You've lost your sight. Overwhelmed by the trauma, you lose all hope.
Your doctor pats you on the hand and says, in a gentle voice, "Why don't we talk about assisted dying?"
Something sound wrong about this? It should. They call it "dying with dignity," but its anything but that. And it's coming to a healthcare provider near you.
To better educate you on this practice, this article will provide a basic introduction to assisted suicide in the following three points:
Introduction to assisted suicide: What is it?
The growing popularity of assisted suicide
The appalling evil of assisted suicide
Introduction to Assisted Suicide
1. Introduction to assisted suicide: What is it?
Assisted suicide is when one person helps another person end his life through suicide. Most frequently, the suicidal person suffers from a serious sickness or medical condition which serves as the driving force behind the suicidal desire (more about this later).
The person assisting can be a doctor (called "physician assisted suicide"), some other medical professional (like a nurse), or even a family member, loved one, or friend.
Generally, the means of death is through an overdose of medication. While a doctor prescribes the medication, he may or may not actually administer it to the patient.
"Euthanasia" is sometimes used as a synonym for assisted suicide and can cover all of its forms. The word comes from Greek and means "good death." The idea is that it is better to die by suicide than by a terminal illness, such as cancer.
Proponents also refer to assisted suicide as "mercy killing," "assisted dying," or "dying with dignity." These terms tend to disguise what is actually going on—the killing of one human being by another—and therefore should be avoided.[1]
2. The Growing Popularity of Assisted Suicide
Assisted suicide’s popularity is growing in North America.

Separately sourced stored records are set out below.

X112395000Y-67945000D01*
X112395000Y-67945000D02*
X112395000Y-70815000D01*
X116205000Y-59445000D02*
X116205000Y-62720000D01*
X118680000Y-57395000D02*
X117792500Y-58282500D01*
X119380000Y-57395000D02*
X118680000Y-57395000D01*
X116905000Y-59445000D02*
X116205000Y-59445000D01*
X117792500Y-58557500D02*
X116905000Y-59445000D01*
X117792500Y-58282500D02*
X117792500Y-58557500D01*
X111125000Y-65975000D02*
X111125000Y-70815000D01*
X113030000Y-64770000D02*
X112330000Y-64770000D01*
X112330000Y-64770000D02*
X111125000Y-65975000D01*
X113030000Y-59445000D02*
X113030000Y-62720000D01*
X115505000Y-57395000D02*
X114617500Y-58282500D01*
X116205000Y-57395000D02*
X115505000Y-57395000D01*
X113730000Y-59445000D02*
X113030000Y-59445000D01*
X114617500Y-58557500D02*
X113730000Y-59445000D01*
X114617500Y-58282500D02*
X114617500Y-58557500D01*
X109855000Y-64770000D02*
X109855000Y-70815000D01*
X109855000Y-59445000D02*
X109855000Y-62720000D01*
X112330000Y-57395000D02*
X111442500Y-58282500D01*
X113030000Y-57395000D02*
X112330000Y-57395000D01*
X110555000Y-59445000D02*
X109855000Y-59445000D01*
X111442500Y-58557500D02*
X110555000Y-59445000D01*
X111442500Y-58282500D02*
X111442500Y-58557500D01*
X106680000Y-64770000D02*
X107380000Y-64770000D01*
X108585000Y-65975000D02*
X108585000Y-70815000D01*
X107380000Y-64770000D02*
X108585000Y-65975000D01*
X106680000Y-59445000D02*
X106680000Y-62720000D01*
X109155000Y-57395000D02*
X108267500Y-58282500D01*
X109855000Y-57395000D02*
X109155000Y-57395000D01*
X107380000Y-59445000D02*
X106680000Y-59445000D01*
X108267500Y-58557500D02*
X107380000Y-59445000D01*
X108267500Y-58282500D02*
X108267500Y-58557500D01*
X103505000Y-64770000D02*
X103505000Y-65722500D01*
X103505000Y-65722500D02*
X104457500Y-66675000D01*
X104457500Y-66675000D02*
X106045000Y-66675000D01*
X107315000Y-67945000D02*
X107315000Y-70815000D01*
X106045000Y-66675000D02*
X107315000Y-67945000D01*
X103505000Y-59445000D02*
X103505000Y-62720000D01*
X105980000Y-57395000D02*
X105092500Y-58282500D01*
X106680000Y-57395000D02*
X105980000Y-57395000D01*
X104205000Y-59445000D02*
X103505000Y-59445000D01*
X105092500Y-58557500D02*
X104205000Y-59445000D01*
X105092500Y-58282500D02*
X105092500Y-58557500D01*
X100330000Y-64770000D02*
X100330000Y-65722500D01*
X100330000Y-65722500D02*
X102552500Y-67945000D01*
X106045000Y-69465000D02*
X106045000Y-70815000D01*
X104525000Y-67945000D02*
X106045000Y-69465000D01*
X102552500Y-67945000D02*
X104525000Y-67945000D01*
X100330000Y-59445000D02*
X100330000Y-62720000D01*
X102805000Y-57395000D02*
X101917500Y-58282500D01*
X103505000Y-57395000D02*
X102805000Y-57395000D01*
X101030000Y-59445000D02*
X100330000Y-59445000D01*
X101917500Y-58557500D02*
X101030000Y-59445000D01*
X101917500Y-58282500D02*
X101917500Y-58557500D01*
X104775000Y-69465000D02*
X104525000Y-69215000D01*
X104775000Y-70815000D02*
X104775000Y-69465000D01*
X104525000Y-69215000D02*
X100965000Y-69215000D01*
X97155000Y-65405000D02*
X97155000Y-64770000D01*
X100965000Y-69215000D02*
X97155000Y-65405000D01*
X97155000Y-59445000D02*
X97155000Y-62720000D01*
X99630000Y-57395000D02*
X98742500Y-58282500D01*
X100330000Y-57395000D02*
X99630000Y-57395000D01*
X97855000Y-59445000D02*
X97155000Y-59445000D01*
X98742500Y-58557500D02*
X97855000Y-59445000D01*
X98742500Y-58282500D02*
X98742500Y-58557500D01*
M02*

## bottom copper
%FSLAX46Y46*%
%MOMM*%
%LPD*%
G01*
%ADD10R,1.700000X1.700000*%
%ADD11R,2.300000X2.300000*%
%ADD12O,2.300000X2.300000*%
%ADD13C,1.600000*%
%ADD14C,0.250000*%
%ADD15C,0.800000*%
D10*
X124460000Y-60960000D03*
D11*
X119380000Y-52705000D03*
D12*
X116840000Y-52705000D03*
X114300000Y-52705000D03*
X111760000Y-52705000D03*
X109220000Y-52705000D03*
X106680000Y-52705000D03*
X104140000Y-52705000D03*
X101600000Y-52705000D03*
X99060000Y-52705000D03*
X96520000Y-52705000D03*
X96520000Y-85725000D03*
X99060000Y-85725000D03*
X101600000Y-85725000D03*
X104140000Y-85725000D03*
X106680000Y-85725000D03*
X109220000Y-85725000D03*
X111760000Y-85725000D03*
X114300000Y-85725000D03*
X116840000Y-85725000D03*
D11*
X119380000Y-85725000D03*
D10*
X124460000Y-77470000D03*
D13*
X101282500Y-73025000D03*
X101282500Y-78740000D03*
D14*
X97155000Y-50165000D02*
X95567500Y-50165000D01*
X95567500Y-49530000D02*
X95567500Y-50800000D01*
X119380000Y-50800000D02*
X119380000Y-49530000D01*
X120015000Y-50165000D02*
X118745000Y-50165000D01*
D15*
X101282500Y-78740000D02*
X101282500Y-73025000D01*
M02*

Canada passed a law in 2015 legalizing the procedure. Later, it removed mandatory waiting periods and allowed assisted suicide in the case of mental illness, including depression. As a result, people were being put to death for things like vision or hearing loss and diabetes.[2]
From 2016 to 2022, 44,958 people were put to death through assisted suicide, and in 2022, it was the fifth leading cause of death in Canada.[3] See the table below for a yearly breakdown.
Source: Statista. Link here.
This form of death is gaining steam in the U.S., as well. Per Americans United for Life, as of 2024, assisted suicide is legal in following eleven jurisdictions[4]:
California, Colorado, District of Columbia, Hawaii, Montana, Maine, New Jersey, New Mexico, Oregon, Vermont, and Washington.
3. The Monstrous Evil of Assisted Suicide
Despite the arguments of proponents, there is no way to get around the fact that assisted suicide requires one human being to kill or help kill another. In the end, therefore, it is simply another form of murder.
It seems almost unnecessary to state God's unequivocal rejection of murder, but for thoroughness' sake, consider Exodus 20:13, Deuteronomy 5:17, 1 Timothy 1:19, and Revelation 21:8. The details of the biblical position on assisted suicide will be covered in a separate article. For now, the focus will be on U.S. law.
U.S. Law and Assisted Suicide
Historically, the U.S. Supreme Court has upheld that assisted suicide was murder. In a 1997 Case (Washington v. Glucksberg; a pdf copy is provided at the end of this article), the Court affirmed a state’s right to outlaw this act.
In that ruling, Chief Justice William Rehnquist (see photo) cited Commonwealth v. Mink (1877) to show that U.S. law has always viewed assisted suicide in this manner:
Now if the murder of oneself is felony, the accessory is equally guilty as if he had aided and abetted in the murder.[5]
Regarding the legality of assisted suicide, the Court stated:
That suicide remained a grievous wrong is confirmed by the fact that colonial and early state legislatures and courts did not retreat from prohibiting assisted suicide.
Swift...in his treatise on the laws of Connecticut, stated that "if one counts as another to commit suicide and the other person by reason of the advice kills himself the adviser is guilty of murder as principle."
The Court also addressed assisting a suicide among the terminally ill:
And the prohibitions against assisting suicide never contained exceptions for those who were near death.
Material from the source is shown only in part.